Self-Organising management of Grid environments

Self-Organising management of Grid environments

This paper presents basic concepts, architectural principles and algorithms for efficient resource and security management in cluster computing environments and the Grid. The work presented in this paper is funded by BTExacT and the EPSRC project SO-GRM (GR/S21939).


šŸ’” Research Summary

The paper introduces a self‑organising management framework designed to improve resource allocation and security enforcement in cluster and Grid computing environments. Recognising the scalability, reliability and flexibility limitations of traditional centrally‑controlled management systems, the authors propose a hierarchical, self‑organising architecture that distributes control responsibilities across multiple layers while preserving a uniform protocol stack. The lower layer manages concrete resources such as compute nodes, virtual machines and storage, whereas the upper layer coordinates inter‑domain policies, global service discovery and overall scheduling.

At the core of the framework are two novel algorithms. The first is a distributed token‑based scheduling mechanism. Each node periodically exchanges load and state information with its neighbours, then circulates a token that determines the order in which pending jobs are assigned. The token’s path is dynamically optimised based on job priority, data locality, network bandwidth and current node utilisation, thereby eliminating the bottleneck inherent in a single master scheduler and achieving automatic load balancing across the Grid. The second algorithm addresses security through a trust‑based access control model combined with multi‑level authentication. Metadata exchanged between nodes is digitally signed, and every node independently computes a trust score derived from historical authentication success rates, policy‑violation records, and external certification authority assessments. This score is linked to an access‑control list; nodes with low trust receive restricted services or are required to undergo additional authentication steps, effectively containing compromised or malicious participants.

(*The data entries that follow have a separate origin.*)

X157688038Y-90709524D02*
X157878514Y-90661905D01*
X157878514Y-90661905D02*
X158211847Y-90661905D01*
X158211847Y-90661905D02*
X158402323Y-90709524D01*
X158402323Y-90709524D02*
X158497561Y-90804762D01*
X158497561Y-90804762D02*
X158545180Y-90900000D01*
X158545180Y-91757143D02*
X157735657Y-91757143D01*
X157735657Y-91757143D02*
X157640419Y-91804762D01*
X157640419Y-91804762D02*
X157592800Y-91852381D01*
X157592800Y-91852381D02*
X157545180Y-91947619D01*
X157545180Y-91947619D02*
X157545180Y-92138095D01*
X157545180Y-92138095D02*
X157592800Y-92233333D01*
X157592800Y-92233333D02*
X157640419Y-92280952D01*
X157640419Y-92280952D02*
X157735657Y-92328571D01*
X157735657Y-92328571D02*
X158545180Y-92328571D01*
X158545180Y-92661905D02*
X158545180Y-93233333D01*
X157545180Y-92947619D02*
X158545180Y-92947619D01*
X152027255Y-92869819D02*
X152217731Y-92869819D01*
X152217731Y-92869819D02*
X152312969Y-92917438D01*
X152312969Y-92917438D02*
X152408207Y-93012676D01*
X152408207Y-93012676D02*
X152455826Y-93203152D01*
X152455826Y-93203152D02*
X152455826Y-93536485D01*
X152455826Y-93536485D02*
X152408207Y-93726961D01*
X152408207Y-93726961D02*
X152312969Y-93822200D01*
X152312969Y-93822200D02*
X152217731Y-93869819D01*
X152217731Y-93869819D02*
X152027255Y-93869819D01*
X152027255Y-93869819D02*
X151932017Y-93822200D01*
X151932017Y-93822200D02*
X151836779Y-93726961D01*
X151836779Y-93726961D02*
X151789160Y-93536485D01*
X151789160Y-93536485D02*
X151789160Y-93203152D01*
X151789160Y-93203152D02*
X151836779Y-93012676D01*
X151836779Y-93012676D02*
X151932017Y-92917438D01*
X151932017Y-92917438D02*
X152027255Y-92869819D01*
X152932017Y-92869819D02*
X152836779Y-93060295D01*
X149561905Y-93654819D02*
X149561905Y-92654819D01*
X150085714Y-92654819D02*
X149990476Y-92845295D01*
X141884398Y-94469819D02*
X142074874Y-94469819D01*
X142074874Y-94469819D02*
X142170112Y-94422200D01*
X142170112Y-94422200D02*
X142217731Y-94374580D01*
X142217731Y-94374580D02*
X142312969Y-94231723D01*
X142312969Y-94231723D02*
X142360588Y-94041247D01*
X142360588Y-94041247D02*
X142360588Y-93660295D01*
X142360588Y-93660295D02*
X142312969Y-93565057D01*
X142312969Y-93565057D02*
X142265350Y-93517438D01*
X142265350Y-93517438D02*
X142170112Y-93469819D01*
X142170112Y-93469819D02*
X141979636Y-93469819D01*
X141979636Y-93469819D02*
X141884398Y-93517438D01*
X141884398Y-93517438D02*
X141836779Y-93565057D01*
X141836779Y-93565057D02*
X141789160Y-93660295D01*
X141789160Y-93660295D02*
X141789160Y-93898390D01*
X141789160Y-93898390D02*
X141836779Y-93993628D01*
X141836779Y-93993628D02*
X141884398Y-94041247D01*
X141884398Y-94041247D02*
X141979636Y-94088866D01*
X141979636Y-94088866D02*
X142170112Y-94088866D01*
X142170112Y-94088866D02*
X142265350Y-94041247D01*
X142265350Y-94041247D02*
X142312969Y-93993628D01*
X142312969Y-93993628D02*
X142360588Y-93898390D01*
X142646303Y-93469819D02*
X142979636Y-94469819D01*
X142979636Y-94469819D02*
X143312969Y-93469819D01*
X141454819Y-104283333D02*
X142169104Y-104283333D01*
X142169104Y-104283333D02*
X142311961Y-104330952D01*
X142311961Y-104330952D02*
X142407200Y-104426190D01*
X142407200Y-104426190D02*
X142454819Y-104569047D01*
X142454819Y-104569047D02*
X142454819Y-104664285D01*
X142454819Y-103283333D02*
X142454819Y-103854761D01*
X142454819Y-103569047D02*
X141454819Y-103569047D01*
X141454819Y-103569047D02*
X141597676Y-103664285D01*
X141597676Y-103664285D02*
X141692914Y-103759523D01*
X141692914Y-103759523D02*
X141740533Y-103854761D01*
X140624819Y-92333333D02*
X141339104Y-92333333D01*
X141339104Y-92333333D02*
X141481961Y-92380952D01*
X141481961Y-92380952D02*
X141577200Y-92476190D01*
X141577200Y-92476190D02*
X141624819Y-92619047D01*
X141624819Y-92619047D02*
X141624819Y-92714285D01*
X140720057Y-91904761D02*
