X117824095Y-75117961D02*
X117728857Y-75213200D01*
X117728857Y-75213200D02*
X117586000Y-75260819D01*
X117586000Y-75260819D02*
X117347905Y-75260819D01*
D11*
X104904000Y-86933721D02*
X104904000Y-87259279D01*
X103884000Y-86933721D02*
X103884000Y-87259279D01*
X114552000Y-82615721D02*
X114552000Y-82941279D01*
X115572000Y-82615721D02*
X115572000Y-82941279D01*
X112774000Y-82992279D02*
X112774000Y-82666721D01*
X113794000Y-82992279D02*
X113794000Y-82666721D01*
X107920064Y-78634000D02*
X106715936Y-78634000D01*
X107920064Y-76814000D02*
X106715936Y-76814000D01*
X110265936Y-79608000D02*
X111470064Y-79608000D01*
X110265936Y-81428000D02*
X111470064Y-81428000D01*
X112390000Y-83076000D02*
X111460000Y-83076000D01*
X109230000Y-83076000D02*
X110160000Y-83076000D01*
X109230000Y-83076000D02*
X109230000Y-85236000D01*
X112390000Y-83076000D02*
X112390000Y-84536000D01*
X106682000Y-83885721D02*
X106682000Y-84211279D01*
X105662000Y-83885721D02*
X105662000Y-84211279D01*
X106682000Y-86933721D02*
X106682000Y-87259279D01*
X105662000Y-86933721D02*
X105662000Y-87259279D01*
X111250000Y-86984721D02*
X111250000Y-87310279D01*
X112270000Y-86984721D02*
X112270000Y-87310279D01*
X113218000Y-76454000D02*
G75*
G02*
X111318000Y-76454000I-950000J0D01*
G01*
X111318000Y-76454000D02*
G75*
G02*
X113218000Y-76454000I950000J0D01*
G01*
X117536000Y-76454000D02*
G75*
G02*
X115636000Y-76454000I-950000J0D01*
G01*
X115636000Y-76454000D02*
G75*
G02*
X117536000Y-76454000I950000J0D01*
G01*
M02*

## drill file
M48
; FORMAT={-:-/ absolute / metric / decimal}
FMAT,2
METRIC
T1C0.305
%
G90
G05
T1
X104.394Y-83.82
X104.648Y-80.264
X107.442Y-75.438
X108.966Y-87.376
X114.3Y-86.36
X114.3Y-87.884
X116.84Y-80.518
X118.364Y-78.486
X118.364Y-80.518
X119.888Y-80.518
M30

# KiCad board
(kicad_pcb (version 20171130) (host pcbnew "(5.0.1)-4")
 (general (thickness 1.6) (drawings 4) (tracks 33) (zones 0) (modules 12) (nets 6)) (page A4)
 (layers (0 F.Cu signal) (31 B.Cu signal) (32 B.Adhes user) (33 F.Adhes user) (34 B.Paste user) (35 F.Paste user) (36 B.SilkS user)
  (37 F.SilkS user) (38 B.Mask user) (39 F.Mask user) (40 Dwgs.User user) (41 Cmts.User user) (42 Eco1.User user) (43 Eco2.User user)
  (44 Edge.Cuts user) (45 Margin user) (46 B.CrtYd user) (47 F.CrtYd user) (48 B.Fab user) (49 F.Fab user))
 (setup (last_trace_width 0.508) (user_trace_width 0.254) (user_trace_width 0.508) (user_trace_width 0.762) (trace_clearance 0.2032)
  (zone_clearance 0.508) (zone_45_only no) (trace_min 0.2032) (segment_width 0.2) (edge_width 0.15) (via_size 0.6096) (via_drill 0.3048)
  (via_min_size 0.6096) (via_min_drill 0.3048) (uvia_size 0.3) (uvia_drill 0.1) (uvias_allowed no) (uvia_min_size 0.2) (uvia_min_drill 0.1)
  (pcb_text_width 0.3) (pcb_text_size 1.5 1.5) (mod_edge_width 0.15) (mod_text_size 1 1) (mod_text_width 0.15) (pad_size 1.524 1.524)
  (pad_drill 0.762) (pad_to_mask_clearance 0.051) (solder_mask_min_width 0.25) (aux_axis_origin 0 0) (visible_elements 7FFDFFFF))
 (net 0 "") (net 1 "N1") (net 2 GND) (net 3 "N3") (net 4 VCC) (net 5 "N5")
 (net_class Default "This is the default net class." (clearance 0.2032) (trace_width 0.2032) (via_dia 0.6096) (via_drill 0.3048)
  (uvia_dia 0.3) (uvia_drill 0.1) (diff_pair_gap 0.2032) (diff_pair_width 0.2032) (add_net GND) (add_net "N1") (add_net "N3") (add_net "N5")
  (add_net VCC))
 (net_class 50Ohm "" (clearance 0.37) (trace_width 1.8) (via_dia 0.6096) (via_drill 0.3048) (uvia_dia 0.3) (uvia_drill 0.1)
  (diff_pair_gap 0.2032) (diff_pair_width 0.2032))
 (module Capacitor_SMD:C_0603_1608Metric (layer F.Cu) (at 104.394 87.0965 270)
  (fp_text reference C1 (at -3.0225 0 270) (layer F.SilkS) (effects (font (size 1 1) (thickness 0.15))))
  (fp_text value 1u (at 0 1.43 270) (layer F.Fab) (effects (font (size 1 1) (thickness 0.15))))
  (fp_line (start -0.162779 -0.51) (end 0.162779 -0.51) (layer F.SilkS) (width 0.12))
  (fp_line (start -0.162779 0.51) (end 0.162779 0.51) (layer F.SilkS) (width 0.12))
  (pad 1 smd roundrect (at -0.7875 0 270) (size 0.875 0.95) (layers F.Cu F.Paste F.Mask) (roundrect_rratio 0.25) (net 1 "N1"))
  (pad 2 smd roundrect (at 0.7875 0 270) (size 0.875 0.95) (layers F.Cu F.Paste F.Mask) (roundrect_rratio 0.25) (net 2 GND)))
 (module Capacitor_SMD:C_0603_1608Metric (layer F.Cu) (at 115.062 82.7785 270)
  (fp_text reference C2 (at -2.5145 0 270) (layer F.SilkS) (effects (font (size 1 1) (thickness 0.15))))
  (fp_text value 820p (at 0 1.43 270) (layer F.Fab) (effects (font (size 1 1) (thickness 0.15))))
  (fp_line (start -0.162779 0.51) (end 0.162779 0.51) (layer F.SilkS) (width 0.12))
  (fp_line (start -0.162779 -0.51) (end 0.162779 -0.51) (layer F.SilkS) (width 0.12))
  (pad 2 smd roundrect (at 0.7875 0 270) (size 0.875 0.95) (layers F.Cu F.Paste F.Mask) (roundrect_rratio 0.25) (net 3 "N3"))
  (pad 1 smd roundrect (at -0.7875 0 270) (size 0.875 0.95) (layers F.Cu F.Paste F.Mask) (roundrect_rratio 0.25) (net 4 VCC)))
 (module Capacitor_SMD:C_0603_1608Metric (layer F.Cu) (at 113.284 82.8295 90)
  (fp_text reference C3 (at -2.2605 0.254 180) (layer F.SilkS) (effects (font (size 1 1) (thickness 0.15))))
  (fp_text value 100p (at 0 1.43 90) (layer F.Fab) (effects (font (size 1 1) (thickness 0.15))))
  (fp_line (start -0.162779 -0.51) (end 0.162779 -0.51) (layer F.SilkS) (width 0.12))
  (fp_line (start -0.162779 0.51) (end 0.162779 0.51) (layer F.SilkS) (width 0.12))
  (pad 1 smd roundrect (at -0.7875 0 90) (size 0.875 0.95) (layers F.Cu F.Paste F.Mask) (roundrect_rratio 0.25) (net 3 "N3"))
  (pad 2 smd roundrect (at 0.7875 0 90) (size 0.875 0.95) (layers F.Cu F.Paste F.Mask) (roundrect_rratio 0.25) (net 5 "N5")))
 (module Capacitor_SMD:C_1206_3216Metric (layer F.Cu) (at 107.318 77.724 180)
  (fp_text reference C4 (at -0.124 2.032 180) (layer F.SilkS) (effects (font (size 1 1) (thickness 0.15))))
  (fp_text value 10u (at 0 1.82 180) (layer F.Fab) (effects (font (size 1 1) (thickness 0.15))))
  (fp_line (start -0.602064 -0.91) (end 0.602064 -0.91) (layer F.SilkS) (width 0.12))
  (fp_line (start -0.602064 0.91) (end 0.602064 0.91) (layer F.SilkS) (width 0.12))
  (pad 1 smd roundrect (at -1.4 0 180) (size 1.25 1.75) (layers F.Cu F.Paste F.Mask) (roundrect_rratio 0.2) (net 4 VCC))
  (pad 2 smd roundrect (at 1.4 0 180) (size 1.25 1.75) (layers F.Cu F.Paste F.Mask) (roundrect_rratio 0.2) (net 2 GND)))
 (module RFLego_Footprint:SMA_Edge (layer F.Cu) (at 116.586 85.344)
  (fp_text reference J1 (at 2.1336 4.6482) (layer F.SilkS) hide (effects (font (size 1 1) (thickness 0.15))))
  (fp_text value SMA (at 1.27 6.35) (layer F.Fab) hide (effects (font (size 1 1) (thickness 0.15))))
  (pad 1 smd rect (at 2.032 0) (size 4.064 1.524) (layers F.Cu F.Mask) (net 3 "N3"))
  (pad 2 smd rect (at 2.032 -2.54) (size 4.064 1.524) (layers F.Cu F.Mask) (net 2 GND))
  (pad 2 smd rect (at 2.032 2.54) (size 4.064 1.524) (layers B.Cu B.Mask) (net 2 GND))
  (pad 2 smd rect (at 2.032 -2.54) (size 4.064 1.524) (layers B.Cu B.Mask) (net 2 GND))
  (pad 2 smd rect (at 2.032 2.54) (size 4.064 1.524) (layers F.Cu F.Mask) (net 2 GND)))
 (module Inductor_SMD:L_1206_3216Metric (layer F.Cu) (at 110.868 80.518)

The authors implemented the framework on a real‑world testbed funded by the BTExacT and EPSRC SO‑GRM projects. Extensive simulations and live experiments demonstrate significant performance gains: average throughput improves by more than 30 % and mean response time drops to under 60 % of that observed with conventional central schedulers. Security evaluations show that the probability of a malicious node successfully infiltrating the entire Grid falls below 0.02 %, and the trust‑based controls can block policy violations in real time.

Future work outlined in the paper includes integrating machine‑learning predictive models into the token scheduler to anticipate workload spikes and network congestion, enabling even finer‑grained load distribution. Additionally, the authors propose leveraging blockchain technology to record trust scores and policy changes immutably, thereby enhancing transparency, auditability and resilience against tampering in highly dynamic, large‑scale Grid environments. The overall contribution is a demonstrably effective self‑organising management approach that simultaneously addresses the dual challenges of efficient resource utilisation and robust security in distributed computing infrastructures.